E.J. Crawford | September 15, 2017

In her decorated career, Rosie Casals was a two-time US Open singles finalist, a 12-time Grand Slam doubles winner and a champion for equal prize money and for “open” tennis, the model adopted in 1968 that changed the game forever.


For those accomplishments, and for all that she has done since her playing career ended, Casals was named the 2017 recipient of the USTA President’s Award. She was honored with the award at the Semi-Annual Meeting held earlier this month in New York in conjunction with the US Open.


“Rosie has been a motivating force behind the positive changes and progress in women’s tennis,” said USTA President Katrina Adams. “Her love for tennis reaches beyond the courts and translates into her continuous efforts fighting for rights of professional and women players. Rosie’s legacy and advocacy will never stop inspiring today’s youth to become the next great generation of American tennis players.”


Born and raised in San Francisco, Casals is the daughter of parents who emigrated from El Salvador. A top junior in Northern California, Casals broke through internationally at Wimbledon 1966, where she reached the round of 16. The following year she reached the semifinals at the Australian Open and Wimbledon, and she surged as the Open era dawned in 1968, reaching the quarterfinals or better at all four Grand Slam events in 1969 and making the first of her two consecutive US Open finals in 1970.  

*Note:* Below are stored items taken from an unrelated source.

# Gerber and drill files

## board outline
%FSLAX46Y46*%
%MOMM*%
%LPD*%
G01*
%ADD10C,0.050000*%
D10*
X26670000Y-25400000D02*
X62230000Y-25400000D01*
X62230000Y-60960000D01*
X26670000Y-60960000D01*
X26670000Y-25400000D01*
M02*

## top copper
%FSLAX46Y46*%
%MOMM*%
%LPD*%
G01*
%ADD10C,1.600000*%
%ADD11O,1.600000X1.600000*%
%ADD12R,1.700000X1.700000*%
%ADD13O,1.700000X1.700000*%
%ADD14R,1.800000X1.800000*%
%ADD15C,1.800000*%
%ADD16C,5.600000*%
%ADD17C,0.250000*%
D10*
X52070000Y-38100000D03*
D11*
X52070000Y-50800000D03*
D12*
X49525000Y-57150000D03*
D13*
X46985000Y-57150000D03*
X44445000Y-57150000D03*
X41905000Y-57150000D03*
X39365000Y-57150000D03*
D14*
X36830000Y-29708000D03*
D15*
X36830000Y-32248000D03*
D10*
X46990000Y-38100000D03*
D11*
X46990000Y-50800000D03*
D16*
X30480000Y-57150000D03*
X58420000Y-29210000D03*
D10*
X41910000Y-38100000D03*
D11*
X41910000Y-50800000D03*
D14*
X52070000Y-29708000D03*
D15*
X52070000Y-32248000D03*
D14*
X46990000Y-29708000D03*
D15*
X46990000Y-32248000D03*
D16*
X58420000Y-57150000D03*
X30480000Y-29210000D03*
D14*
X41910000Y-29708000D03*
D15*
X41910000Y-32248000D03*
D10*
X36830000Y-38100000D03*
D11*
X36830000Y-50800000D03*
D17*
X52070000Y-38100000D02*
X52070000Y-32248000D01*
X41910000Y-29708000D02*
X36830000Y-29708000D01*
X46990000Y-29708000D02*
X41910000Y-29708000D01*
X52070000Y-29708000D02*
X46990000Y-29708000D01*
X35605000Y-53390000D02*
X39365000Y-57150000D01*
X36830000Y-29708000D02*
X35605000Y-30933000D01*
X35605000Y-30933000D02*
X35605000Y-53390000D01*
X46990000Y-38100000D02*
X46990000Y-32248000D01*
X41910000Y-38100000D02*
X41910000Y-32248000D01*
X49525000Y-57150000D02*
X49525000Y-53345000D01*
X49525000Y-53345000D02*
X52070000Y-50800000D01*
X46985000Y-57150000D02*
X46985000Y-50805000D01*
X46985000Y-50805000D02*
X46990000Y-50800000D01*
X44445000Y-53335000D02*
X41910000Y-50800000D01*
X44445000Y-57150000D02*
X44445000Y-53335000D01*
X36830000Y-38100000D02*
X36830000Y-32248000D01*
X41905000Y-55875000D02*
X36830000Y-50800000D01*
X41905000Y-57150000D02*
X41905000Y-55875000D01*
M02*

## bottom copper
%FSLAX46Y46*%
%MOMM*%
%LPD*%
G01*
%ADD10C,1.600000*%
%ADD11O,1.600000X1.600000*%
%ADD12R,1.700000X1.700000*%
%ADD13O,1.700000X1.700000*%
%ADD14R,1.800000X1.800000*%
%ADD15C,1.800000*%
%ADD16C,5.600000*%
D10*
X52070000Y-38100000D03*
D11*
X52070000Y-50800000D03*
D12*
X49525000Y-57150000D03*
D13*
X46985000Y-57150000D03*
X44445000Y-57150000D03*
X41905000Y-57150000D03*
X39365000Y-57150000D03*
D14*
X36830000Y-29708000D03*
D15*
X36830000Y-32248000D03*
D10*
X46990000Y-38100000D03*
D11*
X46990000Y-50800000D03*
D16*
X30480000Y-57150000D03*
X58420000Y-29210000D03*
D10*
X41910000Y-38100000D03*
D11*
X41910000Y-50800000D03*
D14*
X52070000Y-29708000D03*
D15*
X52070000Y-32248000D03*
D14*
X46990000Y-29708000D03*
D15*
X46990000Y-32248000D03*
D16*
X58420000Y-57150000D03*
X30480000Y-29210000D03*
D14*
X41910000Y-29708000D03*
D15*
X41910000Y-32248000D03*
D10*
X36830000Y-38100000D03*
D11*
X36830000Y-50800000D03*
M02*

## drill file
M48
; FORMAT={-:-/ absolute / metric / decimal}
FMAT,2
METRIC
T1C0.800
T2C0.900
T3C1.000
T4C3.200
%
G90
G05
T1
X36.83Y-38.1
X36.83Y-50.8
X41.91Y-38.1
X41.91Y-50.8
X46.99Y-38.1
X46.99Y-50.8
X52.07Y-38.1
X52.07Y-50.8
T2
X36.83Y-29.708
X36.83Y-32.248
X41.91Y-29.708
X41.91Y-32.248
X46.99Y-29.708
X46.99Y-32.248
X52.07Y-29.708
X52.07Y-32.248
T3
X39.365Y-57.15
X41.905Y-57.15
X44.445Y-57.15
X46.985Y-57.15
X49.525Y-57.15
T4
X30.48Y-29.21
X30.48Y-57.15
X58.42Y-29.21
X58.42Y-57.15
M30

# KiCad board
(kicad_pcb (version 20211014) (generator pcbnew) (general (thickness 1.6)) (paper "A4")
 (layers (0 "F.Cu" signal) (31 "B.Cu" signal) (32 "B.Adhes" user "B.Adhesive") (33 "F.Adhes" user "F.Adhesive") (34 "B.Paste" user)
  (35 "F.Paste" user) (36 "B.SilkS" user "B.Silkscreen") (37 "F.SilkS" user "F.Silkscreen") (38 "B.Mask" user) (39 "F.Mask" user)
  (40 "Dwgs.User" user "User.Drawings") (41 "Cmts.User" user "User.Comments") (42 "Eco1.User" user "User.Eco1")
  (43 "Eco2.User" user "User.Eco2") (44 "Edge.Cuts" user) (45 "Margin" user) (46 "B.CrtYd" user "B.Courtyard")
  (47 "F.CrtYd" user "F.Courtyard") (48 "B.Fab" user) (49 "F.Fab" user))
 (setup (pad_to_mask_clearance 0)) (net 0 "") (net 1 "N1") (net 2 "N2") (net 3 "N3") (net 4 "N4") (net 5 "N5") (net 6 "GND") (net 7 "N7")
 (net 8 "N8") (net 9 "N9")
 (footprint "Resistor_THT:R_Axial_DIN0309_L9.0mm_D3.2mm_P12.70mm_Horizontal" (layer "F.Cu") (at 52.07 38.1 -90)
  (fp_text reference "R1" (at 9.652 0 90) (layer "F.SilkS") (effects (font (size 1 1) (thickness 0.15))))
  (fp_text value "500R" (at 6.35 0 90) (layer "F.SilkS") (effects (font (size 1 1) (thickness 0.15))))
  (pad "1" thru_hole circle (at 0 0 270) (size 1.6 1.6) (drill 0.8) (layers *.Cu *.Mask) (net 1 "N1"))
  (pad "2" thru_hole oval (at 12.7 0 270) (size 1.6 1.6) (drill 0.8) (layers *.Cu *.Mask) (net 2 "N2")))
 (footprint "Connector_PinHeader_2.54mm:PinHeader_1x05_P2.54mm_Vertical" (layer "F.Cu") (at 49.525 57.15 -90)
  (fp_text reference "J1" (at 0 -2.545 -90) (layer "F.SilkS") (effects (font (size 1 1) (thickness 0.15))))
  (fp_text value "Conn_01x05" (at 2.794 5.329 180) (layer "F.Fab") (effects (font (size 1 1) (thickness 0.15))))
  (pad "1" thru_hole rect (at 0 0 270) (size 1.7 1.7) (drill 1) (layers *.Cu *.Mask) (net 2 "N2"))
  (pad "2" thru_hole oval (at 0 2.54 270) (size 1.7 1.7) (drill 1) (layers *.Cu *.Mask) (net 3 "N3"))
  (pad "3" thru_hole oval (at 0 5.08 270) (size 1.7 1.7) (drill 1) (layers *.Cu *.Mask) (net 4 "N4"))
  (pad "4" thru_hole oval (at 0 7.62 270) (size 1.7 1.7) (drill 1) (layers *.Cu *.Mask) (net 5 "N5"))
  (pad "5" thru_hole oval (at 0 10.16 270) (size 1.7 1.7) (drill 1) (layers *.Cu *.Mask) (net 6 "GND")))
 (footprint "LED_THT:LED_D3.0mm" (layer "F.Cu") (at 36.83 29.708 -90)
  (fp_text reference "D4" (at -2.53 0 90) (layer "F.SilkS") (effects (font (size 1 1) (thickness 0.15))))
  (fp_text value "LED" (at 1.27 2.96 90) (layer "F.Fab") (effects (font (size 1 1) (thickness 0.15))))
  (pad "1" thru_hole rect (at 0 0 270) (size 1.8 1.8) (drill 0.9) (layers *.Cu *.Mask) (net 6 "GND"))
  (pad "2" thru_hole circle (at 2.54 0 270) (size 1.8 1.8) (drill 0.9) (layers *.Cu *.Mask) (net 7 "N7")))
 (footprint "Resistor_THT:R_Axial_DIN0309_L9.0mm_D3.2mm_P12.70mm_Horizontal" (layer "F.Cu") (at 46.99 38.1 -90)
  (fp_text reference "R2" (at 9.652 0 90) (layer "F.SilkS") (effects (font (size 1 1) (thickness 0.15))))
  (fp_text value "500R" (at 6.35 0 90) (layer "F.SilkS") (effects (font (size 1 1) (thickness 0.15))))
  (pad "1" thru_hole circle (at 0 0 270) (size 1.6 1.6) (drill 0.8) (layers *.Cu *.Mask) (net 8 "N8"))
  (pad "2" thru_hole oval (at 12.7 0 270) (size 1.6 1.6) (drill 0.8) (layers *.Cu *.Mask) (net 3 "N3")))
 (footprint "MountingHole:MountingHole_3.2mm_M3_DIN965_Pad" (layer "F.Cu") (at 30.48 57.15)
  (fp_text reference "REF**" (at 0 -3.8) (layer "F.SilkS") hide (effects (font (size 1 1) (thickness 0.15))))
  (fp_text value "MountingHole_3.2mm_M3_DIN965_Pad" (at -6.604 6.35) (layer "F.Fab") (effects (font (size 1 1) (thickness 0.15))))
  (pad "1" thru_hole circle (at 0 0) (size 5.6 5.6) (drill 3.2) (layers F&B.Cu *.Mask)))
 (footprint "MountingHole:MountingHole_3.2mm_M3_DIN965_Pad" (layer "F.Cu") (at 58.42 29.21)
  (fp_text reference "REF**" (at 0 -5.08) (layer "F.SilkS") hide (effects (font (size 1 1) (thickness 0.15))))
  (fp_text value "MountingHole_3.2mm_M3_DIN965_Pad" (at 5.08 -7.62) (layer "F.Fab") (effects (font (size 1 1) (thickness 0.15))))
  (pad "1" thru_hole circle (at 0 0) (size 5.6 5.6) (drill 3.2) (layers F&B.Cu *.Mask)))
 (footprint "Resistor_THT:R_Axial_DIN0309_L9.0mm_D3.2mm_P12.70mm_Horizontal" (layer "F.Cu") (at 41.91 38.1 -90)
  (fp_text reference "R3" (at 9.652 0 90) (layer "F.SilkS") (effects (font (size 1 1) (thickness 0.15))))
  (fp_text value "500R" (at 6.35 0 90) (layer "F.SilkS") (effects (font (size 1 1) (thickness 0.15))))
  (pad "1" thru_hole circle (at 0 0 270) (size 1.6 1.6) (drill 0.8) (layers *.Cu *.Mask) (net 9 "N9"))
  (pad "2" thru_hole oval (at 12.7 0 270) (size 1.6 1.6) (drill 0.8) (layers *.Cu *.Mask) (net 4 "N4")))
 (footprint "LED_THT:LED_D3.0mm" (layer "F.Cu") (at 52.07 29.708 -90)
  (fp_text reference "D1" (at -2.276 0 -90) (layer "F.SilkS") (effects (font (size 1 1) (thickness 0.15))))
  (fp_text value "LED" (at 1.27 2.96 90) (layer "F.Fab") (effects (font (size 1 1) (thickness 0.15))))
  (pad "1" thru_hole rect (at 0 0 270) (size 1.8 1.8) (drill 0.9) (layers *.Cu *.Mask) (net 6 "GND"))
  (pad "2" thru_hole circle (at 2.54 0 270) (size 1.8 1.8) (drill 0.9) (layers *.Cu *.Mask) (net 1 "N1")))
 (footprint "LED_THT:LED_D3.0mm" (layer "F.Cu") (at 46.99 29.708 -90)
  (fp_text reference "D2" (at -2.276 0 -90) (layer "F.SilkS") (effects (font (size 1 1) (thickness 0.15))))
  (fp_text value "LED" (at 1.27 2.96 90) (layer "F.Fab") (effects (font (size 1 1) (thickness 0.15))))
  (pad "1" thru_hole rect (at 0 0 270) (size 1.8 1.8) (drill 0.9) (layers *.Cu *.Mask) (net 6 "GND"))
  (pad "2" thru_hole circle (at 2.54 0 270) (size 1.8 1.8) (drill 0.9) (layers *.Cu *.Mask) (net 8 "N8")))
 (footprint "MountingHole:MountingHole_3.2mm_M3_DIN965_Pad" (layer "F.Cu") (at 58.42 57.15)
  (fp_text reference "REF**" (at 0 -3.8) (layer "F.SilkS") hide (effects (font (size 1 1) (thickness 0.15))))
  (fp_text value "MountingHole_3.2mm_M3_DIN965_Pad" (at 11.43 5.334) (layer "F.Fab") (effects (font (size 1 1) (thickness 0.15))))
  (pad "1" thru_hole circle (at 0 0) (size 5.6 5.6) (drill 3.2) (layers *.Cu *.Mask)))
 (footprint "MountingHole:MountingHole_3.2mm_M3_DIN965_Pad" (layer "F.Cu") (at 30.48 29.21)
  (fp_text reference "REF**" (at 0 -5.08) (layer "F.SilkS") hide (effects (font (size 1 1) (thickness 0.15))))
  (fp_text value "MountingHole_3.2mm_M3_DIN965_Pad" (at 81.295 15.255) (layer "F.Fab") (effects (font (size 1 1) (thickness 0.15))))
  (pad "1" thru_hole circle (at 0 0) (size 5.6 5.6) (drill 3.2) (layers F&B.Cu *.Mask)))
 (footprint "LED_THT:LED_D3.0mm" (layer "F.Cu") (at 41.91 29.708 -90)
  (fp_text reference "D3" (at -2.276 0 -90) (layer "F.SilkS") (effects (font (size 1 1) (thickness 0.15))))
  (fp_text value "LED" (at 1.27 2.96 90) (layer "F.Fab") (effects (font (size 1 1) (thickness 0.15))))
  (pad "1" thru_hole rect (at 0 0 270) (size 1.8 1.8) (drill 0.9) (layers *.Cu *.Mask) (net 6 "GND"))
  (pad "2" thru_hole circle (at 2.54 0 270) (size 1.8 1.8) (drill 0.9) (layers *.Cu *.Mask) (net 9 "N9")))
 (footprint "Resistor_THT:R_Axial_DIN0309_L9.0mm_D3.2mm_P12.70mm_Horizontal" (layer "F.Cu") (at 36.83 38.1 -90)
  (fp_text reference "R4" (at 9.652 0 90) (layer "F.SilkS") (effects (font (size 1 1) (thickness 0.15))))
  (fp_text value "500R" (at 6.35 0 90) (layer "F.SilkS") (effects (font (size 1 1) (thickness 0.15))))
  (pad "1" thru_hole circle (at 0 0 270) (size 1.6 1.6) (drill 0.8) (layers *.Cu *.Mask) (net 7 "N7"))
  (pad "2" thru_hole oval (at 12.7 0 270) (size 1.6 1.6) (drill 0.8) (layers *.Cu *.Mask) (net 5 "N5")))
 (gr_rect (start 62.23 60.96) (end 26.67 25.4) (layer "Edge.Cuts") (width 0.05) (fill none))
 (segment (start 52.07 38.1) (end 52.07 32.248) (width 0.25) (layer "F.Cu") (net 1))
 (segment (start 41.91 29.708) (end 36.83 29.708) (width 0.25) (layer "F.Cu") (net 6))
 (segment (start 46.99 29.708) (end 41.91 29.708) (width 0.25) (layer "F.Cu") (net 6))
 (segment (start 52.07 29.708) (end 46.99 29.708) (width 0.25) (layer "F.Cu") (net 6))
 (segment (start 35.605 53.39) (end 39.365 57.15) (width 0.25) (layer "F.Cu") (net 6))
 (segment (start 36.83 29.708) (end 35.605 30.933) (width 0.25) (layer "F.Cu") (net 6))
 (segment (start 35.605 30.933) (end 35.605 53.39) (width 0.25) (layer "F.Cu") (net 6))
 (segment (start 46.99 38.1) (end 46.99 32.248) (width 0.25) (layer "F.Cu") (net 8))
 (segment (start 41.91 38.1) (end 41.91 32.248) (width 0.25) (layer "F.Cu") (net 9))
 (segment (start 49.525 57.15) (end 49.525 53.345) (width 0.25) (layer "F.Cu") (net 2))
 (segment (start 49.525 53.345) (end 52.07 50.8) (width 0.25) (layer "F.Cu") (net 2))
 (segment (start 46.985 57.15) (end 46.985 50.805) (width 0.25) (layer "F.Cu") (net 3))
 (segment (start 46.985 50.805) (end 46.99 50.8) (width 0.25) (layer "F.Cu") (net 3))
 (segment (start 44.445 53.335) (end 41.91 50.8) (width 0.25) (layer "F.Cu") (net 4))
 (segment (start 44.445 57.15) (end 44.445 53.335) (width 0.25) (layer "F.Cu") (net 4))
 (segment (start 36.83 38.1) (end 36.83 32.248) (width 0.25) (layer "F.Cu") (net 7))
 (segment (start 41.905 55.875) (end 36.83 50.8) (width 0.25) (layer "F.Cu") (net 5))
 (segment (start 41.905 57.15) (end 41.905 55.875) (width 0.25) (layer "F.Cu") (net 5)))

But it was in doubles that Casals really shined. She won nine Grand Slam women’s doubles titles in all, including seven with longtime partner Billie Jean King, in addition to three Grand Slam mixed doubles crowns. Casals won 112 tour doubles titles in the Open era, second-most in women’s tennis history to Martina Navratilova.


Casals (pictured here with Kim Clijsters at the 2011 BNP Paribas Open) was inducted into the International Tennis Hall of Fame in 1996. She is currently involved with the NJTL Coachella Valley and coaches American junior Taylor Johnson.


The President’s Award honors an individual who has given unusual and extraordinary service to the sport of tennis in the public’s interest. Past recipients include King, Lindsay Davenport, Mary Joe Fernandez, Mike Bryan and Bob Bryan, former New York City Mayor David Dinkins, and United States Army veteran and tennis photographer Benjamin Woods.